- Work item -
Nothing but the lines below between the line holding "X74987109Y-113500858D01*" and the line holding "X73809860Y-109928660D01*", inclusive, should appear in the answer, each set down exactly.

[Records drawn from a dataset]

↓

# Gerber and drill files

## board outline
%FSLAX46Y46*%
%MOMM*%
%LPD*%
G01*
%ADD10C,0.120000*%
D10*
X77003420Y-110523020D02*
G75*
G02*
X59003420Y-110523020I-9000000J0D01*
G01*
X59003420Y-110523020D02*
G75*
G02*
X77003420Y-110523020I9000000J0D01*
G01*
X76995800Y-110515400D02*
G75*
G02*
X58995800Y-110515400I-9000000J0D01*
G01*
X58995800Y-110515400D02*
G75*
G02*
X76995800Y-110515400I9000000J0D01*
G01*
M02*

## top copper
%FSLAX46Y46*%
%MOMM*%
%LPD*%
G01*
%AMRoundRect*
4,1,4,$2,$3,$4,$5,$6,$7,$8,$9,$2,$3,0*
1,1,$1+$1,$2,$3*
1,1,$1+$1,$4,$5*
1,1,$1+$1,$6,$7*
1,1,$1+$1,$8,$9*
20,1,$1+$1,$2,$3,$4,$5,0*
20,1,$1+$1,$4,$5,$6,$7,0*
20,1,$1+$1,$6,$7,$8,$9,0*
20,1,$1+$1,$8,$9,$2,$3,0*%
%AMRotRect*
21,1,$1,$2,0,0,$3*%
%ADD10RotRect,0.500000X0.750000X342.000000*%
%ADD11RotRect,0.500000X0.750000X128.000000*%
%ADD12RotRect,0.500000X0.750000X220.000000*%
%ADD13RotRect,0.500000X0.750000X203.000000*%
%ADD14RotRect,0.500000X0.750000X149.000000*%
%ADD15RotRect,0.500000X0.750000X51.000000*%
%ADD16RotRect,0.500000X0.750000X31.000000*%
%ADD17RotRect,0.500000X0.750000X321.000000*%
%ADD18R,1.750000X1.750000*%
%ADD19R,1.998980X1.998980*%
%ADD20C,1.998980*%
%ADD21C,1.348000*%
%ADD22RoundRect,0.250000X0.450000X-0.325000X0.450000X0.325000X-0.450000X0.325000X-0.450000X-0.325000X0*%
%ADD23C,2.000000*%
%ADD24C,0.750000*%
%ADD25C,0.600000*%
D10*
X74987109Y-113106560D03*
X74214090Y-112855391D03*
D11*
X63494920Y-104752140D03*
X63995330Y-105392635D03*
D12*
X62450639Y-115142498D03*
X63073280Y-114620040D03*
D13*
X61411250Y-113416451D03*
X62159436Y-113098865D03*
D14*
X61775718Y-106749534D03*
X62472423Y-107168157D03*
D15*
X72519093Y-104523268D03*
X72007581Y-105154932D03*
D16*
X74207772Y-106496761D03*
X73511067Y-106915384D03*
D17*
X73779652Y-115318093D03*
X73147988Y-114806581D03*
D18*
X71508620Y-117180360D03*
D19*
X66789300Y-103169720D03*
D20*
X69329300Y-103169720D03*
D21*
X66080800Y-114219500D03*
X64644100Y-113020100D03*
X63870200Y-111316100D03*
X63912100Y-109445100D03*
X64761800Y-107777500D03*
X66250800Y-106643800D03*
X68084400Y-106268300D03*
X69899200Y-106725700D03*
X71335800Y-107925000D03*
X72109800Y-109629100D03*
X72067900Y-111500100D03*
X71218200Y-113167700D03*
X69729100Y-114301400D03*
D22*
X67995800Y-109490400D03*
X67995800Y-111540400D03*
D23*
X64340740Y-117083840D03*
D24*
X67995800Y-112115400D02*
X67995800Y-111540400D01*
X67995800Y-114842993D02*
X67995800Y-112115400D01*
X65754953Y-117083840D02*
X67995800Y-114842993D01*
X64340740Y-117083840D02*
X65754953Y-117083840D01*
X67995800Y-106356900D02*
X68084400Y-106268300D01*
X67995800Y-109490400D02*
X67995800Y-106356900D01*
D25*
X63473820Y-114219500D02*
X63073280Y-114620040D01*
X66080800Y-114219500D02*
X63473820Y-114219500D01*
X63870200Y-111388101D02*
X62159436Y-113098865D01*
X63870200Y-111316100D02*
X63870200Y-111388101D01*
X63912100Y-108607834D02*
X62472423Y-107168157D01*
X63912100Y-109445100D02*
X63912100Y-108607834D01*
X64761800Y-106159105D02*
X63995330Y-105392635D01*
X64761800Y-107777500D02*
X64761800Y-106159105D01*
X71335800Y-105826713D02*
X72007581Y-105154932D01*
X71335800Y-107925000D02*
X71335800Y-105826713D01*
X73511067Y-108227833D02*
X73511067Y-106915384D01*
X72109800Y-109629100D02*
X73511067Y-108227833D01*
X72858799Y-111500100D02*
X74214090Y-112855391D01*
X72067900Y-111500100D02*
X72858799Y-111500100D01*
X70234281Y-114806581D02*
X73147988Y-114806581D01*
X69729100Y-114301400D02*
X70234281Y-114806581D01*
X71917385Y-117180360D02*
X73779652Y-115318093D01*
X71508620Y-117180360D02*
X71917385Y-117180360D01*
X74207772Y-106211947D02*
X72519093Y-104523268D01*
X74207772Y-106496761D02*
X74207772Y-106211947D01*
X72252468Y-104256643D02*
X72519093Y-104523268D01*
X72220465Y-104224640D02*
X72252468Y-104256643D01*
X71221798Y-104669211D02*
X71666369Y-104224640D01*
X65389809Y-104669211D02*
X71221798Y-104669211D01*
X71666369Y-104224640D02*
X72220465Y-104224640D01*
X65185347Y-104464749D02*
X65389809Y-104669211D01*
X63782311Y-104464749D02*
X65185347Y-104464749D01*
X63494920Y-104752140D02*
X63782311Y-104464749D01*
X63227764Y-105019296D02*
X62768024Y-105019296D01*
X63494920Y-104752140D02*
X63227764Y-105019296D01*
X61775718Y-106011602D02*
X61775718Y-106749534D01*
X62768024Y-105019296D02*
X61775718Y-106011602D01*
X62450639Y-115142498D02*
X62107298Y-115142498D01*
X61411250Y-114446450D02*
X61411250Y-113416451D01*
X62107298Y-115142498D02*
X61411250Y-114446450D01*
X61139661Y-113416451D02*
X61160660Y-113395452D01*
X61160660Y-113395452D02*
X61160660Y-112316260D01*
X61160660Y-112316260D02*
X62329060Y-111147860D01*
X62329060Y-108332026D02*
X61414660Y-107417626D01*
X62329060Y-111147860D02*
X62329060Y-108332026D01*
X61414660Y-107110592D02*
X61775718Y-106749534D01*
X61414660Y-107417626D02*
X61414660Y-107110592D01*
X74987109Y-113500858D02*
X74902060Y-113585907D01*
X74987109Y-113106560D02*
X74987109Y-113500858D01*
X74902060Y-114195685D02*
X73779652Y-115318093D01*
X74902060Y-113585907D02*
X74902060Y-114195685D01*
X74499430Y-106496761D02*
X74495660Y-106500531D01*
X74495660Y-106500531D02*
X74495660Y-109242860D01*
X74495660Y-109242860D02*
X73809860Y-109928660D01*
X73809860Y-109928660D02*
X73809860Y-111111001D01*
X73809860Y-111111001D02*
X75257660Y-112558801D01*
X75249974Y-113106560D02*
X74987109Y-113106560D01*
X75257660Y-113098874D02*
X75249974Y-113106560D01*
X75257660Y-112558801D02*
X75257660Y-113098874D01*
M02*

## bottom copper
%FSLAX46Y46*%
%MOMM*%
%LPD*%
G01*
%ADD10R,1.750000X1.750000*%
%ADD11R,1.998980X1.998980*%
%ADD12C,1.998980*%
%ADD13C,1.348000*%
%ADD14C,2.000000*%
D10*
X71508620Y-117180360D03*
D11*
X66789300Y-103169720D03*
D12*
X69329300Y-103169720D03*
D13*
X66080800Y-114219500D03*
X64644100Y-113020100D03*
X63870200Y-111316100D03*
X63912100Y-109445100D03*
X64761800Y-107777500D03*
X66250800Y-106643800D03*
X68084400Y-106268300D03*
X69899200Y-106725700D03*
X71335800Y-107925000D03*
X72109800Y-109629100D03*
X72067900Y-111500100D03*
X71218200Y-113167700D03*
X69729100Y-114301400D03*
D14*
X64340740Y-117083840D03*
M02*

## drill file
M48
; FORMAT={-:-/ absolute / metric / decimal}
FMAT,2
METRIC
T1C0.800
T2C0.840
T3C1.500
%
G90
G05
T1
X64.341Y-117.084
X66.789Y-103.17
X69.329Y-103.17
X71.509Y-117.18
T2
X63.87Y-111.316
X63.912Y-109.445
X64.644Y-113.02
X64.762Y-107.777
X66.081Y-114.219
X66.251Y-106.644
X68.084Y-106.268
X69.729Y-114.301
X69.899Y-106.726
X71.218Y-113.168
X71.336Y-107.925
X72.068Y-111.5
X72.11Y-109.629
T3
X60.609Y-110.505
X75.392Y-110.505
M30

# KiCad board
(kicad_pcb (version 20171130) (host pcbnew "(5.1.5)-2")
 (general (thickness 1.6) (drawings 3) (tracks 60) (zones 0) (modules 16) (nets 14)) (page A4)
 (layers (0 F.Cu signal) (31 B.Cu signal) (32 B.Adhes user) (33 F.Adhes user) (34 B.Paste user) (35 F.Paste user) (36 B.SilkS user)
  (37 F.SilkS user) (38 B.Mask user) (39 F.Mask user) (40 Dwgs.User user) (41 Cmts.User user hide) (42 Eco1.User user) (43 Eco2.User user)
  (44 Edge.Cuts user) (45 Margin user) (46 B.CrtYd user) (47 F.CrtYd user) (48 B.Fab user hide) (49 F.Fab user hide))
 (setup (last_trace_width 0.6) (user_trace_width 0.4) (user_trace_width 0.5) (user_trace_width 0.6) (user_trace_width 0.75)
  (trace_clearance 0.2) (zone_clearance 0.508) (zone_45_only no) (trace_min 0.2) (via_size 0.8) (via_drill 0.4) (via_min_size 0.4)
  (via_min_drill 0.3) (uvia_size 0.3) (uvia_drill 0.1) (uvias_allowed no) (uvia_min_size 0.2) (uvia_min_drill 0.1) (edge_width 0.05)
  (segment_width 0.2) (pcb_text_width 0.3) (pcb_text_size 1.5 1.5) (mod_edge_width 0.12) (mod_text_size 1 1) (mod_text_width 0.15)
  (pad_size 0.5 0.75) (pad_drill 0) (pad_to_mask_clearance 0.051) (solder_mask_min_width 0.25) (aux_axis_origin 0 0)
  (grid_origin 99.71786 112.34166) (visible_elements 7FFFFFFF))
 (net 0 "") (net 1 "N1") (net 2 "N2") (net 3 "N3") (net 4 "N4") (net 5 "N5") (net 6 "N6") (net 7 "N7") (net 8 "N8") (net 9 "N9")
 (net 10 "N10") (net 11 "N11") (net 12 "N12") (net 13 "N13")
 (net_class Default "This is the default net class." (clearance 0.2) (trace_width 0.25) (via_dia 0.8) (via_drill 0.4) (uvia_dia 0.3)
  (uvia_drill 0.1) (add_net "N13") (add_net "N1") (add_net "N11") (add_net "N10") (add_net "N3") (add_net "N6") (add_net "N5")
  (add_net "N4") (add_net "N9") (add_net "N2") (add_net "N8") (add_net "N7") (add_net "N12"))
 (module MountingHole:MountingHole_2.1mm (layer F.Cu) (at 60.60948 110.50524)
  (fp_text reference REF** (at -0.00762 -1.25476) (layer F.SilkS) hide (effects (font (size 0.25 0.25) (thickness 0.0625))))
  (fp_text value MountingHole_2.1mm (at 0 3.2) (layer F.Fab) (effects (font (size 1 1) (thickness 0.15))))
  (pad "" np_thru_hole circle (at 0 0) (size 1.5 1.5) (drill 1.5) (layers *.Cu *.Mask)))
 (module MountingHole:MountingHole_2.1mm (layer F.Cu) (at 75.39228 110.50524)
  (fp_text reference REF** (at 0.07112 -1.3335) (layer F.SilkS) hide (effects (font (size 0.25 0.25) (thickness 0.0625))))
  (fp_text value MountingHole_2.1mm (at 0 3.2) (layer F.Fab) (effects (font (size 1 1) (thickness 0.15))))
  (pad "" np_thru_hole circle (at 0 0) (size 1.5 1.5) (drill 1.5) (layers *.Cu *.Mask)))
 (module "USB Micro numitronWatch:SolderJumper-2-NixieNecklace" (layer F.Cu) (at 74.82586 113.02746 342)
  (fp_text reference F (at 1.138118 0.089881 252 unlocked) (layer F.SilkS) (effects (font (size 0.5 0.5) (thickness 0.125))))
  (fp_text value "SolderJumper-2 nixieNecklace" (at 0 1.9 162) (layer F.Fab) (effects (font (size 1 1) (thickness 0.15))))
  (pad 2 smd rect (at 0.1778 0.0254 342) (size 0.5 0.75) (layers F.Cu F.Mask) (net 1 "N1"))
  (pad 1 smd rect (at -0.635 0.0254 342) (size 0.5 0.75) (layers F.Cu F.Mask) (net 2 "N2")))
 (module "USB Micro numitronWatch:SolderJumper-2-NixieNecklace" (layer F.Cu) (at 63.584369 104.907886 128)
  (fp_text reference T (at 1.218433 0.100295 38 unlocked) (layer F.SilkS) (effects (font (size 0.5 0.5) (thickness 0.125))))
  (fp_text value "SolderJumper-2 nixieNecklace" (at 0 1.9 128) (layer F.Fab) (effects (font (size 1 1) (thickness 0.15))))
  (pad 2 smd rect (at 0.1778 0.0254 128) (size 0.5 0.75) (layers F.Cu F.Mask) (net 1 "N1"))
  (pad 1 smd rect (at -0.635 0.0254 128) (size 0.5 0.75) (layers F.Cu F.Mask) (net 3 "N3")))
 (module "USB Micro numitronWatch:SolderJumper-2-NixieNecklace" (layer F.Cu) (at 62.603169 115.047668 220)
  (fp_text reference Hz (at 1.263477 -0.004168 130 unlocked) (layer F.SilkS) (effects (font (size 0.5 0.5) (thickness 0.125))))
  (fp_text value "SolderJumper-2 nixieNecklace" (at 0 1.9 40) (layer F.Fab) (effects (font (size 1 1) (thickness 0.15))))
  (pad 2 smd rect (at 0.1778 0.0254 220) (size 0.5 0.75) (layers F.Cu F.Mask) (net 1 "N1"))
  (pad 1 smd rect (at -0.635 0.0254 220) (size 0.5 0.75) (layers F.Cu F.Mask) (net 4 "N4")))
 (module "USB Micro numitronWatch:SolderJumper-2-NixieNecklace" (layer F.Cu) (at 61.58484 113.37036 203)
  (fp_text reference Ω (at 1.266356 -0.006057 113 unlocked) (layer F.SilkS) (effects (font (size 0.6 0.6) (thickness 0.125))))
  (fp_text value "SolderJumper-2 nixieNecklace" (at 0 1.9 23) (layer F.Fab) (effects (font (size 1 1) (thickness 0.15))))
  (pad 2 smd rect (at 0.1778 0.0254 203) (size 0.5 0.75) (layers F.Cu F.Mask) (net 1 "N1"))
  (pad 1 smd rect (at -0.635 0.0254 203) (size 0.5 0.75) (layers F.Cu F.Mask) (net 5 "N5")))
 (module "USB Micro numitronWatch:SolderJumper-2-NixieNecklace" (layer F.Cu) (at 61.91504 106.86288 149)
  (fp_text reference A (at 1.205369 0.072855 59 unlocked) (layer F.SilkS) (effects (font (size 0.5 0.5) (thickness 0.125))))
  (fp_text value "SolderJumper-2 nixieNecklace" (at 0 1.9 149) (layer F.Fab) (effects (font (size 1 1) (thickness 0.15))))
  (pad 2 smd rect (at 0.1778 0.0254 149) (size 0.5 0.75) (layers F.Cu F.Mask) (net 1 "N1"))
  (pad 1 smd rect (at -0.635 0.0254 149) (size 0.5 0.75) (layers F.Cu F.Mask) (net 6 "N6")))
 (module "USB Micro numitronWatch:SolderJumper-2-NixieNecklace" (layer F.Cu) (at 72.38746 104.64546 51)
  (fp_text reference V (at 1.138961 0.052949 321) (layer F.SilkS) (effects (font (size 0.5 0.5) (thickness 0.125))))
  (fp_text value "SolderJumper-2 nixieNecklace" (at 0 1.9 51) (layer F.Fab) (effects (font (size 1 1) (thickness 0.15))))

↑

- Response to this exercise -
X74987109Y-113500858D01*
X74902060Y-114195685D02*
X73779652Y-115318093D01*
X74902060Y-113585907D02*
X74902060Y-114195685D01*
X74499430Y-106496761D02*
X74495660Y-106500531D01*
X74495660Y-106500531D02*
X74495660Y-109242860D01*
X74495660Y-109242860D02*
X73809860Y-109928660D01*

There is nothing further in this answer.